3 OPAMP instrument rail pair input and output uses LM6134. One band can perform rail -to -orbit input and rail transition. These characteristics make these instrument amplifiers a single supply system. Some manufacturers use 5 resistors for precision division arrays to divide the co -mode voltage to obtain rail pairs or larger input range. This problem is that it also separates the signal so that a unified gain can be obtained, and the amplifier must run under a high -closed loop gain. This will reduce the input impedance through internal gain factor. Any loss in these precision resistors will reduce CMR. With LM6134, all these problems have been eliminated. In this example, amplifier A and B act as different levels of buffer (Figure 7). These buffers ensure that the input impedance exceeds 100 mΩ, and they eliminate the requirements of the input level for accurate matching resistors. At the same time, they ensure that the differential amplifier is driven by the voltage driver. This is matched by R1-R2 and R3-R4.
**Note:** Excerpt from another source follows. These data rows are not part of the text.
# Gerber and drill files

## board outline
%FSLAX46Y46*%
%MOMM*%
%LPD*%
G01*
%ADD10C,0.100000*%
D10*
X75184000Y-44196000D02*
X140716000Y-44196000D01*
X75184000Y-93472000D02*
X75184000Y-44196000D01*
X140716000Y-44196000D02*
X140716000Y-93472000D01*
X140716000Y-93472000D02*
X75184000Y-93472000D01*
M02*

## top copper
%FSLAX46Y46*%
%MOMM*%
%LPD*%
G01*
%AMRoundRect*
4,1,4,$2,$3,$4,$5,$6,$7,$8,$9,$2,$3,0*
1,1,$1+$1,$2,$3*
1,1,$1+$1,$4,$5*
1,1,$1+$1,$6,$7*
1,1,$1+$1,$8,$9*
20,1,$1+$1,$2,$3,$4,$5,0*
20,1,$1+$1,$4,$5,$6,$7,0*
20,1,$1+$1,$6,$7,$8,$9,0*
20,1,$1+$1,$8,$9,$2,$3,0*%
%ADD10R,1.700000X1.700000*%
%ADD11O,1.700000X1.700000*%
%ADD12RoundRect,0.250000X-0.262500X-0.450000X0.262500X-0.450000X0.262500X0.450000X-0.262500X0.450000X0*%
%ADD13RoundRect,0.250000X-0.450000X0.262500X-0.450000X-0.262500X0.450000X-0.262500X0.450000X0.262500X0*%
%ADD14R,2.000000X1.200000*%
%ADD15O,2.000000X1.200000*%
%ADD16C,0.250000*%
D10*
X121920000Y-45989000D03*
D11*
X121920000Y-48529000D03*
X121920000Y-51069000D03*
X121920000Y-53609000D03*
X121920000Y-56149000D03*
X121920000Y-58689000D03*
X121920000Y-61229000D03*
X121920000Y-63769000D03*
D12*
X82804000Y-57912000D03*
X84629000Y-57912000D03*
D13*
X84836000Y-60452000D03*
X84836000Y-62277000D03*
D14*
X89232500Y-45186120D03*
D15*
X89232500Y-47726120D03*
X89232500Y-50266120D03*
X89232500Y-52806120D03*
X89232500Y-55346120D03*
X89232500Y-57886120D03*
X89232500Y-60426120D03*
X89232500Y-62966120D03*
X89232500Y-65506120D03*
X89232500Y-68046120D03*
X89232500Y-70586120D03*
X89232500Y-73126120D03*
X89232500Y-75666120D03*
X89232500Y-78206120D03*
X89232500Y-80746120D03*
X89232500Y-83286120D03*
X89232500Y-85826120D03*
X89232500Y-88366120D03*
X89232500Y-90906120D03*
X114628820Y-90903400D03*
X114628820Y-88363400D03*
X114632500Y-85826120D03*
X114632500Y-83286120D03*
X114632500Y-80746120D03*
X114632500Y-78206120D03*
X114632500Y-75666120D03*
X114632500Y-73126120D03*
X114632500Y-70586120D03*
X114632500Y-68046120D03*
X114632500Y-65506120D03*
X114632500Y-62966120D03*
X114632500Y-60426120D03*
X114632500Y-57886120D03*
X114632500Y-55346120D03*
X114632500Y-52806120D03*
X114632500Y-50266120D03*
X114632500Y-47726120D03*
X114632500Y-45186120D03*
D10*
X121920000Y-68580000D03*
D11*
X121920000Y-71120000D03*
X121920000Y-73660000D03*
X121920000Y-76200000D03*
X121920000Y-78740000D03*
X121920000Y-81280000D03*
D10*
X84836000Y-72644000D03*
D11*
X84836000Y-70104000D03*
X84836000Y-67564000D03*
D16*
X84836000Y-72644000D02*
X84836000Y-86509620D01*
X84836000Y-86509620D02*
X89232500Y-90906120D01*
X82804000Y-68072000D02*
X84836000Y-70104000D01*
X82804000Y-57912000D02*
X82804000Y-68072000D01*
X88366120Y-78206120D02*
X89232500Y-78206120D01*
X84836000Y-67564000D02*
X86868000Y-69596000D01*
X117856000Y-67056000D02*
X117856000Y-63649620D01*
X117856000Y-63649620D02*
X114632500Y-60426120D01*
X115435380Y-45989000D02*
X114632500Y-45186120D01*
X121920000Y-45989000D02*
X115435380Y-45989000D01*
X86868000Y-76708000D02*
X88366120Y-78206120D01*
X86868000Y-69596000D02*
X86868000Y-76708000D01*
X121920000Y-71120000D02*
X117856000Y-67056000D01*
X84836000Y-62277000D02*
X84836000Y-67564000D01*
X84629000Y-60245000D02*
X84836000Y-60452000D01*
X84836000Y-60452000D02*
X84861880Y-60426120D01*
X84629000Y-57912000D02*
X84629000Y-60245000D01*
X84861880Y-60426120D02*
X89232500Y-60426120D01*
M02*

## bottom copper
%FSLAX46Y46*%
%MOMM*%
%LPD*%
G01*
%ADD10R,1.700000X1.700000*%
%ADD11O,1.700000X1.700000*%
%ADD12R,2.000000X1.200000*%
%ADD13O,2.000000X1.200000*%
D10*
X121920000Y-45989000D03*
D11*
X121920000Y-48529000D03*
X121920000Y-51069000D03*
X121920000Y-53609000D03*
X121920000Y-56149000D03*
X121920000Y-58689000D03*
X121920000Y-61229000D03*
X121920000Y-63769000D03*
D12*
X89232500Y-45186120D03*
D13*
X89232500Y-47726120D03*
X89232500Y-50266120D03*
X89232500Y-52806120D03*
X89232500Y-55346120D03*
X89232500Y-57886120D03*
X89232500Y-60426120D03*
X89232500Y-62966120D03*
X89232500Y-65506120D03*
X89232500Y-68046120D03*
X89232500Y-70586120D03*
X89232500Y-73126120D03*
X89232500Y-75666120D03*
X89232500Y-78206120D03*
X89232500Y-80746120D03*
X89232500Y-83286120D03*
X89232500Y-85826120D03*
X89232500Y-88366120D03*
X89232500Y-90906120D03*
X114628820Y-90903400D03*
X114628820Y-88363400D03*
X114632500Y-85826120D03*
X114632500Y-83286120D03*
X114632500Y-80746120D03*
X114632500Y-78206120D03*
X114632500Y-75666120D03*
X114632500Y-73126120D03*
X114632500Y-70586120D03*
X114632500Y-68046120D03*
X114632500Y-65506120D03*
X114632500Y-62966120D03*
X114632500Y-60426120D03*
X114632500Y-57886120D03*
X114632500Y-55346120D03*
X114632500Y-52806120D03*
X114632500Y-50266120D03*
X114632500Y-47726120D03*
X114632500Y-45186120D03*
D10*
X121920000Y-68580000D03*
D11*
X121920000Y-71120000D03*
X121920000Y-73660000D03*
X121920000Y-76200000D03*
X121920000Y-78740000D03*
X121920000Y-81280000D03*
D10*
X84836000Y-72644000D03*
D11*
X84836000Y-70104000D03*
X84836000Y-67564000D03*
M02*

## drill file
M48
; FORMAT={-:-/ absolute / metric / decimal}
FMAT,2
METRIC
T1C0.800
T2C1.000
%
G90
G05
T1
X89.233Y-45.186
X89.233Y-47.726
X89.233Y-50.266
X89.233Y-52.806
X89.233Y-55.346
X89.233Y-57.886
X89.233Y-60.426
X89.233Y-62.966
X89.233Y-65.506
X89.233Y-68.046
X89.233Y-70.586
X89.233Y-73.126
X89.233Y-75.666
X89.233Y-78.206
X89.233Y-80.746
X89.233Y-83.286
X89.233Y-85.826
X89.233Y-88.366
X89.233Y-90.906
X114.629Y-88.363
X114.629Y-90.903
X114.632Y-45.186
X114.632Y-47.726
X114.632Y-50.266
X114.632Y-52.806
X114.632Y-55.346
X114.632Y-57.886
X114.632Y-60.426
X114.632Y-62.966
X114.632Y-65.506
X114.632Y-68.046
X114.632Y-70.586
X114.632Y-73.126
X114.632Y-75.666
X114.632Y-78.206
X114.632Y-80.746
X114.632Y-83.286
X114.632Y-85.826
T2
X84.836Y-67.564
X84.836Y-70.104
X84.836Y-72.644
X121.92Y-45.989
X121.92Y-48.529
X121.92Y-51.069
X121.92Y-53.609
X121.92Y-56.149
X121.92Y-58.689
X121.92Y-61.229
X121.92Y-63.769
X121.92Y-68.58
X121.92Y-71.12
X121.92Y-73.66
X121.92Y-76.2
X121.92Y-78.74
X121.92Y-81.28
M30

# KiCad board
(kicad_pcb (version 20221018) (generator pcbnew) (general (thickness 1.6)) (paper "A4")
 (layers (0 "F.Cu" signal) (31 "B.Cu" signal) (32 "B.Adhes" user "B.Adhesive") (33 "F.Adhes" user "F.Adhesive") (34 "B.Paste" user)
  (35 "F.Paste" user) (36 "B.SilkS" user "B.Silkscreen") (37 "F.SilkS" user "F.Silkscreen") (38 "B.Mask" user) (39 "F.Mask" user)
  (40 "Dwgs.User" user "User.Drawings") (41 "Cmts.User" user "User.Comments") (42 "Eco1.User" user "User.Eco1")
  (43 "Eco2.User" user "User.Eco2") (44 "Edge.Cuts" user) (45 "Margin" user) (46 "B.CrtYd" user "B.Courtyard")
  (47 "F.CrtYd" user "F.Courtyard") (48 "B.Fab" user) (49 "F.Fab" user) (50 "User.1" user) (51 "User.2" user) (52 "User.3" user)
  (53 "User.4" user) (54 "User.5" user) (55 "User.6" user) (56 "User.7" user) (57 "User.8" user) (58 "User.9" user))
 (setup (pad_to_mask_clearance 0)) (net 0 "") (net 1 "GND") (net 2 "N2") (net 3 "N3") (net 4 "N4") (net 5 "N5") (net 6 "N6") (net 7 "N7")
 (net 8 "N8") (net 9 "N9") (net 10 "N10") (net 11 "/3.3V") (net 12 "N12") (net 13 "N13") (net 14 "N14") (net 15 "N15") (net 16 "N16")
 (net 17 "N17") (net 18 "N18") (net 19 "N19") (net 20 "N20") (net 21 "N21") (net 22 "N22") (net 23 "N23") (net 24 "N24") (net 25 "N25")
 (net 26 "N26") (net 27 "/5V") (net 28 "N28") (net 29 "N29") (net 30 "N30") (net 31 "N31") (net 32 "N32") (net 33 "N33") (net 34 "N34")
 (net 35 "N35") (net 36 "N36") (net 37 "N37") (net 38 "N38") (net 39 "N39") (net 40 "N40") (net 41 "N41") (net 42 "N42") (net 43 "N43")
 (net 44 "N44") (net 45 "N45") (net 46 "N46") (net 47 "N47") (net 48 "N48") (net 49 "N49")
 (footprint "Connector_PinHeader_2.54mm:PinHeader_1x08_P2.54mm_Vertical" (layer "F.Cu") (at 121.92 45.989)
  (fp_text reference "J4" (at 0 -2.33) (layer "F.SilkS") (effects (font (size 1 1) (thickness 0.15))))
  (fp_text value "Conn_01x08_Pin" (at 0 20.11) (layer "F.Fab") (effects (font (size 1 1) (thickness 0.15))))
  (pad "1" thru_hole rect (at 0 0) (size 1.7 1.7) (drill 1) (layers "*.Cu" "*.Mask") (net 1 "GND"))
  (pad "2" thru_hole oval (at 0 2.54) (size 1.7 1.7) (drill 1) (layers "*.Cu" "*.Mask") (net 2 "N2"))
  (pad "3" thru_hole oval (at 0 5.08) (size 1.7 1.7) (drill 1) (layers "*.Cu" "*.Mask") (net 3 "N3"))
  (pad "4" thru_hole oval (at 0 7.62) (size 1.7 1.7) (drill 1) (layers "*.Cu" "*.Mask") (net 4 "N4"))
  (pad "5" thru_hole oval (at 0 10.16) (size 1.7 1.7) (drill 1) (layers "*.Cu" "*.Mask") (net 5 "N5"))
  (pad "6" thru_hole oval (at 0 12.7) (size 1.7 1.7) (drill 1) (layers "*.Cu" "*.Mask") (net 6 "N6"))
  (pad "7" thru_hole oval (at 0 15.24) (size 1.7 1.7) (drill 1) (layers "*.Cu" "*.Mask") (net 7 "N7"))
  (pad "8" thru_hole oval (at 0 17.78) (size 1.7 1.7) (drill 1) (layers "*.Cu" "*.Mask") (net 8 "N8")))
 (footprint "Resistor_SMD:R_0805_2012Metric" (layer "F.Cu") (at 83.7165 57.912)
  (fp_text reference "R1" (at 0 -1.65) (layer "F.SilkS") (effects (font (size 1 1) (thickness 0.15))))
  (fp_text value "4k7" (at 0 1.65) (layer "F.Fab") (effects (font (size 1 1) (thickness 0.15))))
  (pad "1" smd roundrect (at -0.9125 0) (size 1.025 1.4) (layers "F.Cu" "F.Paste" "F.Mask") (roundrect_rratio 0.243902) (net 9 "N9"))
  (pad "2" smd roundrect (at 0.9125 0) (size 1.025 1.4) (layers "F.Cu" "F.Paste" "F.Mask") (roundrect_rratio 0.243902) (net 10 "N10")))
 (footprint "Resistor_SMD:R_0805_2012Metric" (layer "F.Cu") (at 84.836 61.3645 -90)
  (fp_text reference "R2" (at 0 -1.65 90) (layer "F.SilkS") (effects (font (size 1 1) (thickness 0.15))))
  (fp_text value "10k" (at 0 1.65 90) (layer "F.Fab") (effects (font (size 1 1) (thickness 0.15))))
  (pad "1" smd roundrect (at -0.9125 0 270) (size 1.025 1.4) (layers "F.Cu" "F.Paste" "F.Mask") (roundrect_rratio 0.243902) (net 10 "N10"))
  (pad "2" smd roundrect (at 0.9125 0 270) (size 1.025 1.4) (layers "F.Cu" "F.Paste" "F.Mask") (roundrect_rratio 0.243902) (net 1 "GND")))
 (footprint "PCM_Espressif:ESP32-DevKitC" (layer "F.Cu") (at 89.2325 45.18612)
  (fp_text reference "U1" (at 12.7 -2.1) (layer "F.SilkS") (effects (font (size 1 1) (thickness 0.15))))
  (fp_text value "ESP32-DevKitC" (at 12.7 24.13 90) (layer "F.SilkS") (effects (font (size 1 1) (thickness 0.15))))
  (pad "1" thru_hole rect (at 0 0 270) (size 1.2 2) (drill 0.8) (layers "*.Cu" "*.Mask") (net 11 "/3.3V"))
  (pad "2" thru_hole oval (at 0 2.54 270) (size 1.2 2) (drill 0.8) (layers "*.Cu" "*.Mask") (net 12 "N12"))
  (pad "3" thru_hole oval (at 0 5.08 270) (size 1.2 2) (drill 0.8) (layers "*.Cu" "*.Mask") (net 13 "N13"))
  (pad "4" thru_hole oval (at 0 7.62 270) (size 1.2 2) (drill 0.8) (layers "*.Cu" "*.Mask") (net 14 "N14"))
  (pad "5" thru_hole oval (at 0 10.16 270) (size 1.2 2) (drill 0.8) (layers "*.Cu" "*.Mask") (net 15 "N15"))
  (pad "6" thru_hole oval (at 0 12.7 270) (size 1.2 2) (drill 0.8) (layers "*.Cu" "*.Mask") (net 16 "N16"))
  (pad "7" thru_hole oval (at 0 15.24 270) (size 1.2 2) (drill 0.8) (layers "*.Cu" "*.Mask") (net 10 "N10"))
  (pad "8" thru_hole oval (at 0 17.78 270) (size 1.2 2) (drill 0.8) (layers "*.Cu" "*.Mask") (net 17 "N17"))
  (pad "9" thru_hole oval (at 0 20.32 270) (size 1.2 2) (drill 0.8) (layers "*.Cu" "*.Mask") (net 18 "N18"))
  (pad "10" thru_hole oval (at 0 22.86 270) (size 1.2 2) (drill 0.8) (layers "*.Cu" "*.Mask") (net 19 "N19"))
  (pad "11" thru_hole oval (at 0 25.4 270) (size 1.2 2) (drill 0.8) (layers "*.Cu" "*.Mask") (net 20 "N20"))
  (pad "12" thru_hole oval (at 0 27.94 270) (size 1.2 2) (drill 0.8) (layers "*.Cu" "*.Mask") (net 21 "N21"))
  (pad "13" thru_hole oval (at 0 30.48 270) (size 1.2 2) (drill 0.8) (layers "*.Cu" "*.Mask") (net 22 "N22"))
  (pad "14" thru_hole oval (at 0 33.02 270) (size 1.2 2) (drill 0.8) (layers "*.Cu" "*.Mask") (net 1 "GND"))
  (pad "15" thru_hole oval (at 0 35.56 270) (size 1.2 2) (drill 0.8) (layers "*.Cu" "*.Mask") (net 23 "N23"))
  (pad "16" thru_hole oval (at 0 38.1 270) (size 1.2 2) (drill 0.8) (layers "*.Cu" "*.Mask") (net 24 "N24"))
  (pad "17" thru_hole oval (at 0 40.64 270) (size 1.2 2) (drill 0.8) (layers "*.Cu" "*.Mask") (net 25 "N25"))
  (pad "18" thru_hole oval (at 0 43.18 270) (size 1.2 2) (drill 0.8) (layers "*.Cu" "*.Mask") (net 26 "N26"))
  (pad "19" thru_hole oval (at 0 45.72 270) (size 1.2 2) (drill 0.8) (layers "*.Cu" "*.Mask") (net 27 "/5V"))
  (pad "20" thru_hole oval (at 25.39632 45.71728 270) (size 1.2 2) (drill 0.8) (layers "*.Cu" "*.Mask") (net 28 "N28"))
  (pad "21" thru_hole oval (at 25.39632 43.17728 270) (size 1.2 2) (drill 0.8) (layers "*.Cu" "*.Mask") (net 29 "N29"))
  (pad "22" thru_hole oval (at 25.4 40.64 270) (size 1.2 2) (drill 0.8) (layers "*.Cu" "*.Mask") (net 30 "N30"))
  (pad "23" thru_hole oval (at 25.4 38.1 270) (size 1.2 2) (drill 0.8) (layers "*.Cu" "*.Mask") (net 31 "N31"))
  (pad "24" thru_hole oval (at 25.4 35.56 270) (size 1.2 2) (drill 0.8) (layers "*.Cu" "*.Mask") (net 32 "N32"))
  (pad "25" thru_hole oval (at 25.4 33.02 270) (size 1.2 2) (drill 0.8) (layers "*.Cu" "*.Mask") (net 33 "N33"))
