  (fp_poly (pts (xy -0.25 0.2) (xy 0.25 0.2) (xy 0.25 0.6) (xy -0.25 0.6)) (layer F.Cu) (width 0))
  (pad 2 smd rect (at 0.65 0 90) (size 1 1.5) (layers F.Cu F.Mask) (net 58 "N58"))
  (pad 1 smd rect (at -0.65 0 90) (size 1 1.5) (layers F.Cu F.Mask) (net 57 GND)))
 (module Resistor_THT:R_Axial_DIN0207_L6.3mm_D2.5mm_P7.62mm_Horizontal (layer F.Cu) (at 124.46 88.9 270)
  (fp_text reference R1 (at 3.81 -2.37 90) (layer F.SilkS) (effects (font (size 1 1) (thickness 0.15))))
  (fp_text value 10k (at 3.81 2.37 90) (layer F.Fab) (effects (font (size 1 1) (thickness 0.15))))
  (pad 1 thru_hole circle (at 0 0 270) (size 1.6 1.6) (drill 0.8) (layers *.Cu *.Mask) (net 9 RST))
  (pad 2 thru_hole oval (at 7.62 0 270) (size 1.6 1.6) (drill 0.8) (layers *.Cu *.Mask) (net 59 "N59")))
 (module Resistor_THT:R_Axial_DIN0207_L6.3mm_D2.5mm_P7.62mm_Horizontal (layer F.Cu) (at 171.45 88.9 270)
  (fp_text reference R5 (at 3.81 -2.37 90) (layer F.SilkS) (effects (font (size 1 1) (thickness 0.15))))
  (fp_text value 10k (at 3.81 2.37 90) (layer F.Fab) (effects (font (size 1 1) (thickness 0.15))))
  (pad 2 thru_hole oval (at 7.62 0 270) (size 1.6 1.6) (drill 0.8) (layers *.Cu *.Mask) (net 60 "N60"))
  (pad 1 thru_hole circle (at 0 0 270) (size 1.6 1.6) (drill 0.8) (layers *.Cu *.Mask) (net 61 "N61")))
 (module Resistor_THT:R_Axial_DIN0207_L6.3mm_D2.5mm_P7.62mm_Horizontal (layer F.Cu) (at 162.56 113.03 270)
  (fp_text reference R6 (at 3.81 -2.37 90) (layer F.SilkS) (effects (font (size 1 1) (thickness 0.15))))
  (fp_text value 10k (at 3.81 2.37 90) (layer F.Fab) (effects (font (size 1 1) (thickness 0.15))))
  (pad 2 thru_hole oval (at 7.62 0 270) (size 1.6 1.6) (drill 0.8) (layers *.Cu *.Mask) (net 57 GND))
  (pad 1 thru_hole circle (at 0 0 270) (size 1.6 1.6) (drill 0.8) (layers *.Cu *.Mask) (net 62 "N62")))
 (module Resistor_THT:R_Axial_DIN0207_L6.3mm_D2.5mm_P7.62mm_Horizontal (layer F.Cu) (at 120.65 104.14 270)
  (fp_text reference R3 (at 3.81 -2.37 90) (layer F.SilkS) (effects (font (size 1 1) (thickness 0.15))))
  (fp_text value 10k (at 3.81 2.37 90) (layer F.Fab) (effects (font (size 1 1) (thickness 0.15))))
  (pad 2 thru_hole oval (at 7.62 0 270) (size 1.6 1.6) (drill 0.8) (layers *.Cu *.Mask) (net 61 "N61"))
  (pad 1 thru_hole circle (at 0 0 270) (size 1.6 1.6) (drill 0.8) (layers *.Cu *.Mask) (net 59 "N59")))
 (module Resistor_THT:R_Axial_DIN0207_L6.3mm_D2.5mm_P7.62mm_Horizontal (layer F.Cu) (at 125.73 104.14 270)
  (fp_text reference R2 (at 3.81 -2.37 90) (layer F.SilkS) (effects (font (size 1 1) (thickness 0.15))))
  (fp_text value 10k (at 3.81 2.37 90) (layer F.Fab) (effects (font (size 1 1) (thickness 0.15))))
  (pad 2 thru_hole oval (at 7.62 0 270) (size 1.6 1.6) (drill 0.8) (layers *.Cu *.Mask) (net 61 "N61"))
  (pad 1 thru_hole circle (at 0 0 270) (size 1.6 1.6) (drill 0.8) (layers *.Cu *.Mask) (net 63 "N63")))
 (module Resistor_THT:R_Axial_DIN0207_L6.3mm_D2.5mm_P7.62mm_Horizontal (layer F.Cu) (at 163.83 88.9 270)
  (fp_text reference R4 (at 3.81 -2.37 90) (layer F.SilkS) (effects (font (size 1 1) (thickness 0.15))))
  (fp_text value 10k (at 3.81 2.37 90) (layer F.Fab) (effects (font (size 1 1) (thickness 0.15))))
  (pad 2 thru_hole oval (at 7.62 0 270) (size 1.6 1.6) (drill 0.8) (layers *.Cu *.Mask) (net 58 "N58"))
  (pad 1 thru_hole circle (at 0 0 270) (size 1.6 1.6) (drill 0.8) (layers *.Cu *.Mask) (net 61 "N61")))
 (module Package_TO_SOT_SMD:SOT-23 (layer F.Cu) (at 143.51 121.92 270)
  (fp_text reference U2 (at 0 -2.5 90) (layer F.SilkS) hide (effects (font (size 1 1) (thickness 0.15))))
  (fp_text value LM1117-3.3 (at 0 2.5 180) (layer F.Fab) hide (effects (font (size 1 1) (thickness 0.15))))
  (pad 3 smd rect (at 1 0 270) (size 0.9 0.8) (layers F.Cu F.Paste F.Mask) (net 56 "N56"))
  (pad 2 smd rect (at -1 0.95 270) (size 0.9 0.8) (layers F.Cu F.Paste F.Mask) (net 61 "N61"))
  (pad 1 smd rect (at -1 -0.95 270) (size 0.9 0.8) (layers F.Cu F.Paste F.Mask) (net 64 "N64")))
Typical application (continued)

The three characteristics of the tablet display

LM6132/34 make it a TFT-LCD application. First of all, its low -current consumption (each amplifier@5V) is the ideal choice of battery power supply in the laptop computer. Second, since the voltage of equipment work has dropped to 2.7 volts, this is the next natural selection of the third -generation TFT panel. In the end, it is not the least important point that the LM6132's large capacity capacity drive is very convenient for the LCD display driver when driving the following features. LM6132/34 aluminum's large capacitor driver capacity reduces its ability to use the Gamma correction buffer. Reference to the input voltage TFT-LCD panel driver of the resistance DAC column (source). This amplifier is also applicable to the reference voltage input capacitor DAC column (source) drive of the reference voltage in the center, such as the LMC750X series. Because for VGA and SVGA displays, the buffer voltage must be solved within a range of about 4 microseconds. The well -known technology is to use a small isolation resistance to connect with the output of AM amplifier to inhibit the output. Its wide power supply voltage range is 2.7 to 24 volts) LM6132/34 can be used for multiple applications. Therefore, the system designer can choose the type of a single device as a sub -circuit service in the system, eliminating multiple devices in the material list. And its part, LM6142 and LM6152 have the same wide power voltage capacity. You can choose the design of the LM6132 in the design to search for multiple sources for the new design.